Monday, July 13, 2009

pro-life vs. gender-bending: will the real "avant-garde" please stand up?

From an essay by Micah Mattix-- about two events that occurred within a week of each other at UNC where he is a lecturer in English-- as it appeared in Touchstone...

Mattix overstates his case a bit, given the recent gains on the abortion issue-- especially among the young-- a near no-brainer given the related science. But, he's correct in pressing this comparison to great effect!

The first event was a new play put on by the local performing arts group. The play, which was based on Tennessee Williams’s A Streetcar Named Desire (1951), was billed as a “gender-bending” play that would push the limits of experimental drama in its exploration of human sexuality....a story in the student newspaper...was careful to note that students were not...shocked by the play’s content...

The executive director of the theater himself was not worried that the play would somehow be too shocking. “One of the great hallmarks of our audience,” he claimed, “is that they are risk-takers.”

That appetite for risk, however, disappeared two days later. The Carolina Students for Life erected several large Justice for All placards on campus, which contained pictures of unborn children being aborted. In striking contrast to how the play was received, the response generated by this display was overwhelmingly negative.

Unaware of any inherent contradiction in their reactions, many pro-choice students complained in the student newspaper...

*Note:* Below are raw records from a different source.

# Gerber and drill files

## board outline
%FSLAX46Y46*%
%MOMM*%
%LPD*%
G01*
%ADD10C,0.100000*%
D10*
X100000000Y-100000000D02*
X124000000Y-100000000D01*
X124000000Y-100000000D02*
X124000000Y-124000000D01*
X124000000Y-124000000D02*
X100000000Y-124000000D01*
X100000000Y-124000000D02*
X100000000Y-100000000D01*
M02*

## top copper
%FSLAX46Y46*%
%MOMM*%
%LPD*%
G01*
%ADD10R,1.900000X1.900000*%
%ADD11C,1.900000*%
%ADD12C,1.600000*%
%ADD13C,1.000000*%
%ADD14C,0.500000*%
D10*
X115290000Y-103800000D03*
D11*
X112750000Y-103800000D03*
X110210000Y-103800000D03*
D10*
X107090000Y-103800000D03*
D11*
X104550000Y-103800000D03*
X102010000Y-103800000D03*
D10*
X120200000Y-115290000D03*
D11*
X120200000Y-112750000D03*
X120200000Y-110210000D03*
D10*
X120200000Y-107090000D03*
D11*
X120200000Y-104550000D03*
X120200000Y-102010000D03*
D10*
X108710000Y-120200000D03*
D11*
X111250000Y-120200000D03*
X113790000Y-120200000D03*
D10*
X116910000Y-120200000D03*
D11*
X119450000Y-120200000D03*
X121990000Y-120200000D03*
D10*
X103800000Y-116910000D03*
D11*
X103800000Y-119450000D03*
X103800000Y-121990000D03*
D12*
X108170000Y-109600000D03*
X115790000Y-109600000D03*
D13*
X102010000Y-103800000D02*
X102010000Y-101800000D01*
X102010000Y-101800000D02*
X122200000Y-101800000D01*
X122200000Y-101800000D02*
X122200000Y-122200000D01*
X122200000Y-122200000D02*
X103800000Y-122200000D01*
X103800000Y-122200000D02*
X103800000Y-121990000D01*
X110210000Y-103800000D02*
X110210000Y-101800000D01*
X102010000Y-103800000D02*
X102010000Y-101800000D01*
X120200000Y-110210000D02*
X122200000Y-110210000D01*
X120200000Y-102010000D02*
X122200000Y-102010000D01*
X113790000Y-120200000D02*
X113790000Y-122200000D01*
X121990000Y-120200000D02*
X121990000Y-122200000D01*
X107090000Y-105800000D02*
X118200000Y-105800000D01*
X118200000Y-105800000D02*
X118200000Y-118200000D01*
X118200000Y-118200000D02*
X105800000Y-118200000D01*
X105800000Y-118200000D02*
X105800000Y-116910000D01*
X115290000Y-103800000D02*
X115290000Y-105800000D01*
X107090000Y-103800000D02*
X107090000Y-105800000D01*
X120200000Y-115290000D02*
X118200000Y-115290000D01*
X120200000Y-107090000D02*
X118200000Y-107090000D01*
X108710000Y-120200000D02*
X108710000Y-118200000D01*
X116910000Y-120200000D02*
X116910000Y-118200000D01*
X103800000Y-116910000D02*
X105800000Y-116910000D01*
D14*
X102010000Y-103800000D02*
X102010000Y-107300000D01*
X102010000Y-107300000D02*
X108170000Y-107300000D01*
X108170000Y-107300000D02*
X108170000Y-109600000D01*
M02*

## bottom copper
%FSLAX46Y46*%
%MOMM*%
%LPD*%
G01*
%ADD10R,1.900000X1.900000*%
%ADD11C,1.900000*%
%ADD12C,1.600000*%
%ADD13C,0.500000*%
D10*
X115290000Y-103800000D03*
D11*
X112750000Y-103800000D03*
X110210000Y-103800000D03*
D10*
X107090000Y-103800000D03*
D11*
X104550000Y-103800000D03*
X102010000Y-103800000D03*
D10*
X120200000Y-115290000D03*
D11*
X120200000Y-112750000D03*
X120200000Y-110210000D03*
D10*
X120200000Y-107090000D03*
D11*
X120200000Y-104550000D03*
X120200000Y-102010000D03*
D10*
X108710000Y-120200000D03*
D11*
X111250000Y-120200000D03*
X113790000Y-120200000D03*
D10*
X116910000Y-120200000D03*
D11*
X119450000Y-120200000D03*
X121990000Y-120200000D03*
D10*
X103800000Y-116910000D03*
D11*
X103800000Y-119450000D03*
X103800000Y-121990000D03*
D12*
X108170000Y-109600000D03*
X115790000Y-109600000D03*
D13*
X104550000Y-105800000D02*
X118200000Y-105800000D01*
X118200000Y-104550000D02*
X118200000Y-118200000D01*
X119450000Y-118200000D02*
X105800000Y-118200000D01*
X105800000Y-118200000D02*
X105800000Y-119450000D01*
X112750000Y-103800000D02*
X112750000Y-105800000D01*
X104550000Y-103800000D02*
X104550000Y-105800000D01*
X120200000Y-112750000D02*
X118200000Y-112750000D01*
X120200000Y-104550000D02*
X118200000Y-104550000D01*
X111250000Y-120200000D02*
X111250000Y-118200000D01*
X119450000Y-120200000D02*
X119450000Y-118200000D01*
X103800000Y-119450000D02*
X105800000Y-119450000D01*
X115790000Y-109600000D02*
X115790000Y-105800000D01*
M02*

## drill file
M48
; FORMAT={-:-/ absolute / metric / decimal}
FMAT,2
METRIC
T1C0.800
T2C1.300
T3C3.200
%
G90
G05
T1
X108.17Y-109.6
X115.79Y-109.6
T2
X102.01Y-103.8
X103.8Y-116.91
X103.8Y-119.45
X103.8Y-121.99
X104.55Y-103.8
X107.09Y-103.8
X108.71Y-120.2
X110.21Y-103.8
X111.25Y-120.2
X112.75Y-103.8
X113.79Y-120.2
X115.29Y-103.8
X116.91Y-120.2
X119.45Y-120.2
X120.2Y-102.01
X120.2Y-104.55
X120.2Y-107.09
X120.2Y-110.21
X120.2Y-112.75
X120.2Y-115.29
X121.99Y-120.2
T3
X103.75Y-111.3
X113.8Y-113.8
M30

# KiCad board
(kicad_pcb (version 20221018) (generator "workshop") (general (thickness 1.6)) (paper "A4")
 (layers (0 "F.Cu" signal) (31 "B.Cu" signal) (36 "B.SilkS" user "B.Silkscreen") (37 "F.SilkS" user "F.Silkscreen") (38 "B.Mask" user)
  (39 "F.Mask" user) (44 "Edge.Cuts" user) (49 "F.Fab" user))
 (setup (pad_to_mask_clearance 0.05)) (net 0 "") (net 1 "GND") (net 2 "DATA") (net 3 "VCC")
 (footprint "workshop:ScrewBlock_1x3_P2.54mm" (layer "F.Cu") (at 115.290 103.800 180)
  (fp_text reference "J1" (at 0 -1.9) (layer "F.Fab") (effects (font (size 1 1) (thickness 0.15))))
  (pad "1" thru_hole rect (at 0.000 0 180) (size 1.9 1.9) (drill 1.3) (layers "*.Cu" "*.Mask") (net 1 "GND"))
  (pad "2" thru_hole circle (at 2.540 0 180) (size 1.9 1.9) (drill 1.3) (layers "*.Cu" "*.Mask") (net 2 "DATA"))
  (pad "3" thru_hole circle (at 5.080 0 180) (size 1.9 1.9) (drill 1.3) (layers "*.Cu" "*.Mask") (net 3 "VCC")))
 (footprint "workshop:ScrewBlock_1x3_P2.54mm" (layer "F.Cu") (at 107.090 103.800 180)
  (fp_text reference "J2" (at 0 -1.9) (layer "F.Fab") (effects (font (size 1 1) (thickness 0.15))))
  (pad "1" thru_hole rect (at 0.000 0 180) (size 1.9 1.9) (drill 1.3) (layers "*.Cu" "*.Mask") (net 1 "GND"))
  (pad "2" thru_hole circle (at 2.540 0 180) (size 1.9 1.9) (drill 1.3) (layers "*.Cu" "*.Mask") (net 2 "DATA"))
  (pad "3" thru_hole circle (at 5.080 0 180) (size 1.9 1.9) (drill 1.3) (layers "*.Cu" "*.Mask") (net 3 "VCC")))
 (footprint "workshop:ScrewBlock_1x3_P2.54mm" (layer "F.Cu") (at 120.200 115.290 90)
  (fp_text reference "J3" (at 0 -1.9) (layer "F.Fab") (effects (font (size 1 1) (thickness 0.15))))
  (pad "1" thru_hole rect (at 0.000 0 90) (size 1.9 1.9) (drill 1.3) (layers "*.Cu" "*.Mask") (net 1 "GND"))
  (pad "2" thru_hole circle (at 2.540 0 90) (size 1.9 1.9) (drill 1.3) (layers "*.Cu" "*.Mask") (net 2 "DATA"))
  (pad "3" thru_hole circle (at 5.080 0 90) (size 1.9 1.9) (drill 1.3) (layers "*.Cu" "*.Mask") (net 3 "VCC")))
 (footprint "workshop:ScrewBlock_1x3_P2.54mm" (layer "F.Cu") (at 120.200 107.090 90)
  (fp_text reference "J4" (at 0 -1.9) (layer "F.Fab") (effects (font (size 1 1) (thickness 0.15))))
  (pad "1" thru_hole rect (at 0.000 0 90) (size 1.9 1.9) (drill 1.3) (layers "*.Cu" "*.Mask") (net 1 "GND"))
  (pad "2" thru_hole circle (at 2.540 0 90) (size 1.9 1.9) (drill 1.3) (layers "*.Cu" "*.Mask") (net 2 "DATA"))
  (pad "3" thru_hole circle (at 5.080 0 90) (size 1.9 1.9) (drill 1.3) (layers "*.Cu" "*.Mask") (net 3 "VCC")))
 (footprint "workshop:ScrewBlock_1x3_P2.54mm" (layer "F.Cu") (at 108.710 120.200 0)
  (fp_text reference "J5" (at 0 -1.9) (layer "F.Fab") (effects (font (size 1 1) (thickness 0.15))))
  (pad "1" thru_hole rect (at 0.000 0 0) (size 1.9 1.9) (drill 1.3) (layers "*.Cu" "*.Mask") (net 1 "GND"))
  (pad "2" thru_hole circle (at 2.540 0 0) (size 1.9 1.9) (drill 1.3) (layers "*.Cu" "*.Mask") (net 2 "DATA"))
  (pad "3" thru_hole circle (at 5.080 0 0) (size 1.9 1.9) (drill 1.3) (layers "*.Cu" "*.Mask") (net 3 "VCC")))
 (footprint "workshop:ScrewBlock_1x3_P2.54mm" (layer "F.Cu") (at 116.910 120.200 0)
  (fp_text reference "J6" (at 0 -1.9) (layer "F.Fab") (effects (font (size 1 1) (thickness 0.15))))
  (pad "1" thru_hole rect (at 0.000 0 0) (size 1.9 1.9) (drill 1.3) (layers "*.Cu" "*.Mask") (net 1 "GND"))
  (pad "2" thru_hole circle (at 2.540 0 0) (size 1.9 1.9) (drill 1.3) (layers "*.Cu" "*.Mask") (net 2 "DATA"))
  (pad "3" thru_hole circle (at 5.080 0 0) (size 1.9 1.9) (drill 1.3) (layers "*.Cu" "*.Mask") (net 3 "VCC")))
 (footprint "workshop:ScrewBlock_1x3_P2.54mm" (layer "F.Cu") (at 103.800 116.910 270)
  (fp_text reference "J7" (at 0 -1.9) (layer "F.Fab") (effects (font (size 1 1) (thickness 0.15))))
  (pad "1" thru_hole rect (at 0.000 0 270) (size 1.9 1.9) (drill 1.3) (layers "*.Cu" "*.Mask") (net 1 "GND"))
  (pad "2" thru_hole circle (at 2.540 0 270) (size 1.9 1.9) (drill 1.3) (layers "*.Cu" "*.Mask") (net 2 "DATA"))
  (pad "3" thru_hole circle (at 5.080 0 270) (size 1.9 1.9) (drill 1.3) (layers "*.Cu" "*.Mask") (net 3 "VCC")))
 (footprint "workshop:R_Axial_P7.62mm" (layer "F.Cu") (at 108.170 109.600)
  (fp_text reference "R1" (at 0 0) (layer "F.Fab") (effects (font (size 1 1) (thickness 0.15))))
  (pad "1" thru_hole circle (at 0.000 0.000) (size 1.6 1.6) (drill 0.8) (layers "*.Cu" "*.Mask") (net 3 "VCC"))
  (pad "2" thru_hole circle (at 7.620 0.000) (size 1.6 1.6) (drill 0.8) (layers "*.Cu" "*.Mask") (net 2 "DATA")))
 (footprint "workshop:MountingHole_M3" (layer "F.Cu") (at 103.750 111.300)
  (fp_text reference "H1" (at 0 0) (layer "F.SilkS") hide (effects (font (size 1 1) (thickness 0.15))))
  (pad "" np_thru_hole circle (at 0 0) (size 3.2 3.2) (drill 3.2) (layers "*.Cu" "*.Mask")))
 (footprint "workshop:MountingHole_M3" (layer "F.Cu") (at 113.800 113.800)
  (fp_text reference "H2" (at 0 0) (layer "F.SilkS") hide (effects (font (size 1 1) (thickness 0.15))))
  (pad "" np_thru_hole circle (at 0 0) (size 3.2 3.2) (drill 3.2) (layers "*.Cu" "*.Mask")))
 (segment (start 102.010 103.800) (end 102.010 101.800) (width 1.0) (layer "F.Cu") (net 3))
 (segment (start 102.010 101.800) (end 122.200 101.800) (width 1.0) (layer "F.Cu") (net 3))
 (segment (start 122.200 101.800) (end 122.200 122.200) (width 1.0) (layer "F.Cu") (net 3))
 (segment (start 122.200 122.200) (end 103.800 122.200) (width 1.0) (layer "F.Cu") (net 3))
 (segment (start 103.800 122.200) (end 103.800 121.990) (width 1.0) (layer "F.Cu") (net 3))
 (segment (start 110.210 103.800) (end 110.210 101.800) (width 1.0) (layer "F.Cu") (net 3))
 (segment (start 102.010 103.800) (end 102.010 101.800) (width 1.0) (layer "F.Cu") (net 3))
 (segment (start 120.200 110.210) (end 122.200 110.210) (width 1.0) (layer "F.Cu") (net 3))
 (segment (start 120.200 102.010) (end 122.200 102.010) (width 1.0) (layer "F.Cu") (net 3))
 (segment (start 113.790 120.200) (end 113.790 122.200) (width 1.0) (layer "F.Cu") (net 3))
 (segment (start 121.990 120.200) (end 121.990 122.200) (width 1.0) (layer "F.Cu") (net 3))
 (segment (start 107.090 105.800) (end 118.200 105.800) (width 1.0) (layer "F.Cu") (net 1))
 (segment (start 118.200 105.800) (end 118.200 118.200) (width 1.0) (layer "F.Cu") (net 1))
 (segment (start 118.200 118.200) (end 105.800 118.200) (width 1.0) (layer "F.Cu") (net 1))
 (segment (start 105.800 118.200) (end 105.800 116.910) (width 1.0) (layer "F.Cu") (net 1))
 (segment (start 115.290 103.800) (end 115.290 105.800) (width 1.0) (layer "F.Cu") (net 1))
 (segment (start 107.090 103.800) (end 107.090 105.800) (width 1.0) (layer "F.Cu") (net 1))
 (segment (start 120.200 115.290) (end 118.200 115.290) (width 1.0) (layer "F.Cu") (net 1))
 (segment (start 120.200 107.090) (end 118.200 107.090) (width 1.0) (layer "F.Cu") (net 1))
 (segment (start 108.710 120.200) (end 108.710 118.200) (width 1.0) (layer "F.Cu") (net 1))
 (segment (start 116.910 120.200) (end 116.910 118.200) (width 1.0) (layer "F.Cu") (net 1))
 (segment (start 103.800 116.910) (end 105.800 116.910) (width 1.0) (layer "F.Cu") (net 1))
 (segment (start 104.550 105.800) (end 118.200 105.800) (width 0.5) (layer "B.Cu") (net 2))
 (segment (start 118.200 104.550) (end 118.200 118.200) (width 0.5) (layer "B.Cu") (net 2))
 (segment (start 119.450 118.200) (end 105.800 118.200) (width 0.5) (layer "B.Cu") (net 2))
 (segment (start 105.800 118.200) (end 105.800 119.450) (width 0.5) (layer "B.Cu") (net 2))
 (segment (start 112.750 103.800) (end 112.750 105.800) (width 0.5) (layer "B.Cu") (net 2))
 (segment (start 104.550 103.800) (end 104.550 105.800) (width 0.5) (layer "B.Cu") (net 2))
 (segment (start 120.200 112.750) (end 118.200 112.750) (width 0.5) (layer "B.Cu") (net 2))
 (segment (start 120.200 104.550) (end 118.200 104.550) (width 0.5) (layer "B.Cu") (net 2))
 (segment (start 111.250 120.200) (end 111.250 118.200) (width 0.5) (layer "B.Cu") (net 2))
 (segment (start 119.450 120.200) (end 119.450 118.200) (width 0.5) (layer "B.Cu") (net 2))
 (segment (start 103.800 119.450) (end 105.800 119.450) (width 0.5) (layer "B.Cu") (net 2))
 (segment (start 102.010 103.800) (end 102.010 107.300) (width 0.5) (layer "F.Cu") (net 3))
 (segment (start 102.010 107.300) (end 108.170 107.300) (width 0.5) (layer "F.Cu") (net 3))
 (segment (start 108.170 107.300) (end 108.170 109.600) (width 0.5) (layer "F.Cu") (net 3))
 (segment (start 115.790 109.600) (end 115.790 105.800) (width 0.5) (layer "B.Cu") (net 2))
 (gr_line (start 100.000 100.000) (end 124.000 100.000) (layer "Edge.Cuts") (width 0.1))
 (gr_line (start 124.000 100.000) (end 124.000 124.000) (layer "Edge.Cuts") (width 0.1))
 (gr_line (start 124.000 124.000) (end 100.000 124.000) (layer "Edge.Cuts") (width 0.1))
 (gr_line (start 100.000 124.000) (end 100.000 100.000) (layer "Edge.Cuts") (width 0.1)))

In theory, at least, one of the goals of the avant-garde has been to attack the tastes and moral sensibilities of the bourgeois. It has thus presented works containing subject matter that was indeed considered shocking at the time...

The avant-garde theater at Chapel Hill, however, no longer attacks the sensibilities of the students, but rather provides them with the sort of work they want to see in the first place—work that does not challenge their moral paradigm, but confirms it...What is really avant-garde today, in the original, combative sense of the term, is to stand for life, for beauty, and for truth. Nothing shocks us more.